If you ever need imagine what sort of disparity prevails between the haves and have-nots in Pakistan, a quintessential example would be the education sector. Since its inception, health and education have been some of the most ignored sectors in the annual budgets, with priority being given to defense, power generation funds and debt servicing (the evil vortex). A country whose image is of a indigent, malnourished and sickly population, roughly 24% (2016)of which survives under a dollar per day has been a grave manifestation of irony for the last 71 years. It is disturbing to have about 2%(2018) of your total expenditure to be allotted to the education sector, which is among the lowest ones in the South Asian region (no surprise there). The funds that are allocated to the cause are stripped off by unworthy, unqualified, gluttonous, corrupt ministers who swiftly get away with this crime. Until about the last couple of years, unfortunately the law and order situation has been so feeble that there was no accountability for such actions if you have money. The situation has changed immensely with the strengthening of judiciary in Pakistan, who then fortified National Accountability Bureau (NAB) to carry out all sort of investigations against anyone who might not have been honest with their positions and power they had. Thank God for that, and big kudos to our judicial system and other institutions for reinstating their due dignity and faith. Still a long way to go but at least the right path has been chosen for the journey.
Besides lack of funds, there is a failure in state-level policy making and planning. The parliament hardly has any interest in any fruitful topic for discussion and debate. The rich can afford anything while the poor are not even getting basic human rights. There is mammoth disparity in the public and private school system. The public schools are like sad orphans in the movies, in miserable state with NOBODY looking after them while the private schools are a mafia in themselves, controlled by ultra-rich investors who have representatives sitting in the parliament to safeguard their interests. Every time there are limitations set on private schools, they make a joke out of it by open defiance because they have money and influence. It is a hopeless situation.

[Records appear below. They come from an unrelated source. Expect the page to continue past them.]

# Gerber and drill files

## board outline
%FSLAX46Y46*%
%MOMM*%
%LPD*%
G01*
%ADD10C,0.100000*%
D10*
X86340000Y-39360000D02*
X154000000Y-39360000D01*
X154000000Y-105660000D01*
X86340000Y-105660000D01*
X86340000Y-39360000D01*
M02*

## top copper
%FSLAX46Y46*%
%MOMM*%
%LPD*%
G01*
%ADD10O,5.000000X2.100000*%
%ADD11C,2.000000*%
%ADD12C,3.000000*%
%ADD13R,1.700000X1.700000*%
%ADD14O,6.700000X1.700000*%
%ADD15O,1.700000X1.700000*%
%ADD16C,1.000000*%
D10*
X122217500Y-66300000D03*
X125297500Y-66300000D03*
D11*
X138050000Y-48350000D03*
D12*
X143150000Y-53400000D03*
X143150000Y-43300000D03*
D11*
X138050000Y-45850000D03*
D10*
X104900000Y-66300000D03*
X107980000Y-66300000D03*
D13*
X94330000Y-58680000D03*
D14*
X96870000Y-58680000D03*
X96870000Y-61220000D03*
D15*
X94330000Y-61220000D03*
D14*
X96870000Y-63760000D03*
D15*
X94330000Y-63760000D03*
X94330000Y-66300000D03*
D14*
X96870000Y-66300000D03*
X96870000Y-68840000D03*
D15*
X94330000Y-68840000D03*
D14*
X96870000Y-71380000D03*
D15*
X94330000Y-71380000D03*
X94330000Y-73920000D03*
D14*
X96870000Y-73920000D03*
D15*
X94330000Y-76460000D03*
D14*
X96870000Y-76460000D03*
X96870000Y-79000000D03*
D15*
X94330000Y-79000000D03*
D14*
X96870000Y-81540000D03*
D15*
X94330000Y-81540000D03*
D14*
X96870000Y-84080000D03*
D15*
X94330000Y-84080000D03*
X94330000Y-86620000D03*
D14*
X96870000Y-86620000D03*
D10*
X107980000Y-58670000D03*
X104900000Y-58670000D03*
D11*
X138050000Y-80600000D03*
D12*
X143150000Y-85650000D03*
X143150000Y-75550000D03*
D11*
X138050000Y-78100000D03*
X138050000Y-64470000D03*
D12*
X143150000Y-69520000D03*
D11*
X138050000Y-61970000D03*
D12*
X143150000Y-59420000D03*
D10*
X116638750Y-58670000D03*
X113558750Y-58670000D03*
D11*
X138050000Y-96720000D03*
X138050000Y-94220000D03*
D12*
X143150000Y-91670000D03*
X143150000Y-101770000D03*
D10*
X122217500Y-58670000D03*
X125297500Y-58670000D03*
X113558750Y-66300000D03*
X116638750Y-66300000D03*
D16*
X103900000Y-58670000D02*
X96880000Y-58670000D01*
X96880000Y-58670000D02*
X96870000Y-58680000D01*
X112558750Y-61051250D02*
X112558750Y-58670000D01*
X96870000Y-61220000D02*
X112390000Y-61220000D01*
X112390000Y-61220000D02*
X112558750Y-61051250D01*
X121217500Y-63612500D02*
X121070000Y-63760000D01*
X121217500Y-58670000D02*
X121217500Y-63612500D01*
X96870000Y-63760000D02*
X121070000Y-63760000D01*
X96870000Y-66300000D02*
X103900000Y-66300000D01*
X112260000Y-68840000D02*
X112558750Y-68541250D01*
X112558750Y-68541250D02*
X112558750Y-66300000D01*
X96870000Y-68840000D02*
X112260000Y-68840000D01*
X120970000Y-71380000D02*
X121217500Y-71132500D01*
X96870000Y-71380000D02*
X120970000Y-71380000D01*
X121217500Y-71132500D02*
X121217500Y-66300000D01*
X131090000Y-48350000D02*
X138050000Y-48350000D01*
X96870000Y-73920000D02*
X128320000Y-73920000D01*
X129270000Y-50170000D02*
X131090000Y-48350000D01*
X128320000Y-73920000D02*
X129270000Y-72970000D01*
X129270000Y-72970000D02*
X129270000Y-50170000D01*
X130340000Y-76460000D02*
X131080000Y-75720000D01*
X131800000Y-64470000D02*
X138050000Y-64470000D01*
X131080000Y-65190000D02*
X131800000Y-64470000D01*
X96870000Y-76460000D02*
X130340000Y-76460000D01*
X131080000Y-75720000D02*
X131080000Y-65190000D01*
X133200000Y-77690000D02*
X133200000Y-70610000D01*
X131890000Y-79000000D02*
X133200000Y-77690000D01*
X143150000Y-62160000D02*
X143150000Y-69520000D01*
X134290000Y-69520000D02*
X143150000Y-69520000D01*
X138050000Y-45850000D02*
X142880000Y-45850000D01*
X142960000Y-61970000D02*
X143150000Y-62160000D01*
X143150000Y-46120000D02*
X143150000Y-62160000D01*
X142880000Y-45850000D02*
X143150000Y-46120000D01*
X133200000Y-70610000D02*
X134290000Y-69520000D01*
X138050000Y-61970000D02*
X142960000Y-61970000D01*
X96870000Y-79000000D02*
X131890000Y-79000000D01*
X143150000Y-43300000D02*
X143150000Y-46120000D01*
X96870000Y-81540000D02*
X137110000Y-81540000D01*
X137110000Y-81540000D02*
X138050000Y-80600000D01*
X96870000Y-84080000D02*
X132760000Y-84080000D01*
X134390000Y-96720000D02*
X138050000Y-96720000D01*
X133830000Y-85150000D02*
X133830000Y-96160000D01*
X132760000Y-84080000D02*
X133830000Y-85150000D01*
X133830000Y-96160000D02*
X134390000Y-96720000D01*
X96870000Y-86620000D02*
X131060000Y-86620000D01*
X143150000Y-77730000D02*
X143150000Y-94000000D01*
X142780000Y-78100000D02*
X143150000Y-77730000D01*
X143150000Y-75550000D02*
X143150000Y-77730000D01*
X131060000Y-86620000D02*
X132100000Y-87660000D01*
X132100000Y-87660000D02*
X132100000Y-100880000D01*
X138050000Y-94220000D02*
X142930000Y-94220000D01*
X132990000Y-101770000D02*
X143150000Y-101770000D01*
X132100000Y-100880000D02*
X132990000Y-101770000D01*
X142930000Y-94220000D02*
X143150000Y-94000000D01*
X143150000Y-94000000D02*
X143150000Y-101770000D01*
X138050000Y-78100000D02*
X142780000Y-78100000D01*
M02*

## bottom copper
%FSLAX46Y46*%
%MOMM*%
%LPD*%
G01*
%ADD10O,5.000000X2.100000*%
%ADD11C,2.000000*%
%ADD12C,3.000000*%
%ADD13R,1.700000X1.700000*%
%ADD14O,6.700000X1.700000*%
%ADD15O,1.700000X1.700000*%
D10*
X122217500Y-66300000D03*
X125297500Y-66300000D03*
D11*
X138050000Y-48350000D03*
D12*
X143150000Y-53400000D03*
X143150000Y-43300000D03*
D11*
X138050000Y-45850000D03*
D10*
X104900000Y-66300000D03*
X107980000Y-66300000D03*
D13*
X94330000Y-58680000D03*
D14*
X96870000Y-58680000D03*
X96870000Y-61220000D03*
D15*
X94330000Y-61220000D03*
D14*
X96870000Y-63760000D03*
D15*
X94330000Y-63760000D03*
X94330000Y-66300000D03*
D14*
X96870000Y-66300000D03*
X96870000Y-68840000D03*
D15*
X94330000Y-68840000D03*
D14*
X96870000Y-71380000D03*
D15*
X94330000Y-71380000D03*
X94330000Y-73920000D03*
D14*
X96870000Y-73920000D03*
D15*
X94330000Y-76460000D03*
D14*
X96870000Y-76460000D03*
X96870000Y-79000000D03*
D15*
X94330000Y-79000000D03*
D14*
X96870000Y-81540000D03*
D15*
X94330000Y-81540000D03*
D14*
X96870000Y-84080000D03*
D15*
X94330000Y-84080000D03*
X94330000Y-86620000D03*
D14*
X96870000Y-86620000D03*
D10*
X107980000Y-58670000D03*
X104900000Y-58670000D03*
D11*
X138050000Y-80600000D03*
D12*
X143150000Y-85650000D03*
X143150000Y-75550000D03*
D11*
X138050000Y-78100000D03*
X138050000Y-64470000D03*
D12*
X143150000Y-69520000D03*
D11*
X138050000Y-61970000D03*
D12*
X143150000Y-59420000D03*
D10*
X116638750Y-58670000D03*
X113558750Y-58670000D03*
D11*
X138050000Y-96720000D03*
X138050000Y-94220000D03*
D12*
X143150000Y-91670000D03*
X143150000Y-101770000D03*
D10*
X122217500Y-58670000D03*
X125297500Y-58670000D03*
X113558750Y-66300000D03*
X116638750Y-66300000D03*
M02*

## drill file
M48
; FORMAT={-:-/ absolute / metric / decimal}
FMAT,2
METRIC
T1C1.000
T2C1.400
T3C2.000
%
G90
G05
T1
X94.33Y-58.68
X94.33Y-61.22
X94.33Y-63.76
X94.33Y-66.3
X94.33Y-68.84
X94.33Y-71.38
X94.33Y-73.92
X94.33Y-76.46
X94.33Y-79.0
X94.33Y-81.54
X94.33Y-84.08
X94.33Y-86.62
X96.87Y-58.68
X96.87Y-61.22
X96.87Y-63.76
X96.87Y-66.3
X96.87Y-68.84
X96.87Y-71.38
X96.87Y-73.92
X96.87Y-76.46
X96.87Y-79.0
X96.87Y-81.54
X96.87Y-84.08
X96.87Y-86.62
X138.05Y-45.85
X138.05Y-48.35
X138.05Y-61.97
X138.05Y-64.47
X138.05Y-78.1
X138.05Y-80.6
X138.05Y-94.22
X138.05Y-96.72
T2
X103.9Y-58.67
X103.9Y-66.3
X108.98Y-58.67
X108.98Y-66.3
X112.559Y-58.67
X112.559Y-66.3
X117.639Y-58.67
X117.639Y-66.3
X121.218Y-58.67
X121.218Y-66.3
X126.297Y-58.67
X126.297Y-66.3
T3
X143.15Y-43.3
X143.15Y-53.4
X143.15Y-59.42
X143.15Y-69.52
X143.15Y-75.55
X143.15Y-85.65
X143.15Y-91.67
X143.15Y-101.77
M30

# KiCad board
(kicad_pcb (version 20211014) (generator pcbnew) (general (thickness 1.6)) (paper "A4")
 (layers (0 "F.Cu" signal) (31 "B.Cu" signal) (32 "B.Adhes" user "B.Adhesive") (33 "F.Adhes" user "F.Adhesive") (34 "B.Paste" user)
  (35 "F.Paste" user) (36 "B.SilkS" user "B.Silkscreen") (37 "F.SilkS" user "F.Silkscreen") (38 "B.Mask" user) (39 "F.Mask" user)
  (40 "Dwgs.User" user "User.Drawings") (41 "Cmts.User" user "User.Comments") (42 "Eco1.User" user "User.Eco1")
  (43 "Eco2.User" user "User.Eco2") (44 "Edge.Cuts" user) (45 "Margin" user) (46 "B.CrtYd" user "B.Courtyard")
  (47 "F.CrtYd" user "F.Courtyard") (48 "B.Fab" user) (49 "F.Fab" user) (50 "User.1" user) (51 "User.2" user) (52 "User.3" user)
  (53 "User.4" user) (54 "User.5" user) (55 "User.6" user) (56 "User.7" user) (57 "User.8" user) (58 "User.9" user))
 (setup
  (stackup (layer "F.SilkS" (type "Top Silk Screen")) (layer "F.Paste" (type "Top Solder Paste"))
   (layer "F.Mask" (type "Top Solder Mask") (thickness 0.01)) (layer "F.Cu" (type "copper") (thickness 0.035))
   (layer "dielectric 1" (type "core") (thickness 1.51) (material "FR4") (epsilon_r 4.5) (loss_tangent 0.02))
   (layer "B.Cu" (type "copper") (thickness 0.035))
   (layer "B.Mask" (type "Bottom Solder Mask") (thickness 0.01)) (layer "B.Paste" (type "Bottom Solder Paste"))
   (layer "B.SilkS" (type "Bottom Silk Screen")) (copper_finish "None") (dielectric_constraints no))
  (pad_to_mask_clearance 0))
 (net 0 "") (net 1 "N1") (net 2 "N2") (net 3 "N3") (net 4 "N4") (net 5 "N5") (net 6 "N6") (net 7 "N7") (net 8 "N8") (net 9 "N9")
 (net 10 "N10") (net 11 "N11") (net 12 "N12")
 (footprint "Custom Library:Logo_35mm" (layer "F.Cu") (at 114.7 49.1)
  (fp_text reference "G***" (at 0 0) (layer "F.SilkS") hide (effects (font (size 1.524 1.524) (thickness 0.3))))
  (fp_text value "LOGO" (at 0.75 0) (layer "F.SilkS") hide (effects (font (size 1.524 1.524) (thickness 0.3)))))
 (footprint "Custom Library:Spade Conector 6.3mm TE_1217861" (layer "F.Cu") (at 123.7575 66.3)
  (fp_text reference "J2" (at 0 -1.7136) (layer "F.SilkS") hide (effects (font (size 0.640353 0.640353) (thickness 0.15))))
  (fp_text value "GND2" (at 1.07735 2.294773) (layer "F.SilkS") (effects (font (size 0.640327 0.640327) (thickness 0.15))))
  (pad "1" thru_hole oval (at -2.54 0) (size 5 2.1) (drill 1.4 (offset 1 0)) (layers *.Cu *.Mask) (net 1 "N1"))
  (pad "1" thru_hole oval (at 2.54 0) (size 5 2.1) (drill 1.4 (offset -1 0)) (layers *.Cu *.Mask) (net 1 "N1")))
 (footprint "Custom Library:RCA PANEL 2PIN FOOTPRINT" (layer "F.Cu") (at 140.6 48.35 180)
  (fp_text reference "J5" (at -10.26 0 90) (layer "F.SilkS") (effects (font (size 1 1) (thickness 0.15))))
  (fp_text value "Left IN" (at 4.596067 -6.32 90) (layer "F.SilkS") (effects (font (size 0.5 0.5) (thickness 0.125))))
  (pad "1" thru_hole circle (at 2.55 0 180) (size 2 2) (drill 1) (layers *.Cu *.Mask) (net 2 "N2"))
  (pad "2" thru_hole circle (at -2.55 -5.05 180) (size 3 3) (drill 2) (layers *.Cu *.Mask) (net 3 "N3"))
  (pad "2" thru_hole circle (at -2.55 5.05 180) (size 3 3) (drill 2) (layers *.Cu *.Mask) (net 3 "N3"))
  (pad "2" thru_hole circle (at 2.55 2.5 180) (size 2 2) (drill 1) (layers *.Cu *.Mask) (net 3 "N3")))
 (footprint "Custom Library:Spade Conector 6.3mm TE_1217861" (layer "F.Cu") (at 106.44 66.3)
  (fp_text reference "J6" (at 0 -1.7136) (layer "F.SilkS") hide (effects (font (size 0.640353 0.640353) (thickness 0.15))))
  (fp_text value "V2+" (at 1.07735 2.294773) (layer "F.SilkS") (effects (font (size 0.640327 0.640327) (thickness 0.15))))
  (pad "1" thru_hole oval (at -2.54 0) (size 5 2.1) (drill 1.4 (offset 1 0)) (layers *.Cu *.Mask) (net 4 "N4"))
  (pad "1" thru_hole oval (at 2.54 0) (size 5 2.1) (drill 1.4 (offset -1 0)) (layers *.Cu *.Mask) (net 4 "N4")))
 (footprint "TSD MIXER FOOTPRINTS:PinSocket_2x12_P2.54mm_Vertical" (layer "F.Cu") (at 94.33 58.68)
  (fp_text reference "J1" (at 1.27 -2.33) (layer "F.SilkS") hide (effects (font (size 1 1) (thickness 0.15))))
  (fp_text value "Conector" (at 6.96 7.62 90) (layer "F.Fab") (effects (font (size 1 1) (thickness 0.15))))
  (pad "1" thru_hole rect (at 0 0) (size 1.7 1.7) (drill 1) (layers *.Cu *.Mask) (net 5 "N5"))
  (pad "1" thru_hole oval (at 2.54 0) (size 6.7 1.7) (drill 1) (layers *.Cu *.Mask) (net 5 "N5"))
  (pad "2" thru_hole oval (at 2.54 2.54) (size 6.7 1.7) (drill 1) (layers *.Cu *.Mask) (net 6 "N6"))
  (pad "2" thru_hole oval (at 0 2.54) (size 1.7 1.7) (drill 1) (layers *.Cu *.Mask) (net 6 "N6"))
  (pad "3" thru_hole oval (at 2.54 5.08) (size 6.7 1.7) (drill 1) (layers *.Cu *.Mask) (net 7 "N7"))
  (pad "3" thru_hole oval (at 0 5.08) (size 1.7 1.7) (drill 1) (layers *.Cu *.Mask) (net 7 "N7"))
  (pad "4" thru_hole oval (at 0 7.62) (size 1.7 1.7) (drill 1) (layers *.Cu *.Mask) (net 4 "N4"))
  (pad "4" thru_hole oval (at 2.54 7.62) (size 6.7 1.7) (drill 1) (layers *.Cu *.Mask) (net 4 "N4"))
  (pad "5" thru_hole oval (at 2.54 10.16) (size 6.7 1.7) (drill 1) (layers *.Cu *.Mask) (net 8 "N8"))
  (pad "5" thru_hole oval (at 0 10.16) (size 1.7 1.7) (drill 1) (layers *.Cu *.Mask) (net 8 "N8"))
  (pad "6" thru_hole oval (at 2.54 12.7) (size 6.7 1.7) (drill 1) (layers *.Cu *.Mask) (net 1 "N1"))
  (pad "6" thru_hole oval (at 0 12.7) (size 1.7 1.7) (drill 1) (layers *.Cu *.Mask) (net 1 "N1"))
  (pad "7" thru_hole oval (at 0 15.24) (size 1.7 1.7) (drill 1) (layers *.Cu *.Mask) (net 2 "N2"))
  (pad "7" thru_hole oval (at 2.54 15.24) (size 6.7 1.7) (drill 1) (layers *.Cu *.Mask) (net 2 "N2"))
  (pad "8" thru_hole oval (at 0 17.78) (size 1.7 1.7) (drill 1) (layers *.Cu *.Mask) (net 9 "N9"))
  (pad "8" thru_hole oval (at 2.54 17.78) (size 6.7 1.7) (drill 1) (layers *.Cu *.Mask) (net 9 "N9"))
  (pad "9" thru_hole oval (at 2.54 20.32) (size 6.7 1.7) (drill 1) (layers *.Cu *.Mask) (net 3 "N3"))
  (pad "9" thru_hole oval (at 0 20.32) (size 1.7 1.7) (drill 1) (layers *.Cu *.Mask) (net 3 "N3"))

There is a dire lack of quality and infrastructure in public education, with ghost schools, absence of heating/cooling and power, extremely low attendance by the teachers, totally misfit and unqualified teachers who lack basic manners and grammar, both English and Urdu. The hiring process is mostly biased and politicized as reference system aka “sifaarish” is what gets you the job. It is a shameful state for a country that has a literacy rate of 58% (2017), a downward trend. There is also a gender gap with regards to enrollment due to the primitive mentality is particularly rural areas that keeps girls away from modern education, a concern which has not been pandered to in the last 10 years (shame!). It gives me nightmares to imagine what the future is going to look like for these kids who lack literacy, numeracy and vocational skills as there are almost NO vocational or technical training schools across Pakistan. Most of the work done in this sector is attributed to micro-finance companies and NGOs who have identified the issue and are setting up projects to fill up the chasm.
The private sector of education is a menace in itself. The fees are skyrocketing every year, with elite schools charging Pkr 80,000 per month, encouraging middle tiered schools to follow catch up with ever rising fees. The worst part is, kids are STILL sent for tuition for the same courses and material being taught at their super-expensive schools. What baffles me is how unaffected the high socio-economic class is with these rising fee structure. There is a clear absence of national interest among the elitists. Along with unaffordable fees, there is a condescending and ‘air of superiority’ attitude prevalent in these institutes. It is hard enough for middle class peeps to attend these schools, additionally they are not embraced by rich brats and their extravagant toys, gadgets, holiday stories, servants to work for them and celebrity lifestyle.
It is a sad situation because in the long term, they are creating a never-ending socio-economic, psychological and emotional gap. Poor education means poor employ,ment opportunities for the students, poor economy and the vicious cycle continue…
The country needs to have a clear, streamlined policy at school level. There should be either Matriculation or O-levels because there are differences in opportunity and standard of education already due to these two different options. On the other hand, maybe both systems can be implemented in both private and public sectors and there are no preferential treatments given to a student from a particular background. The fees need to be slashed and there has to be immense monitoring of the factors driving up the fees. The teaching standards should be identical across Pakistan with government holding training workshops so avoid discrepancies. The government must take aggressive steps to boost the education budget and policy making and implementation needs to be among our primary discussions at the parliament. The implementation should be monitored by NAB to ensure transparency and honest working. Let’s just hope the new government under Imran Khan addresses this crisis positively.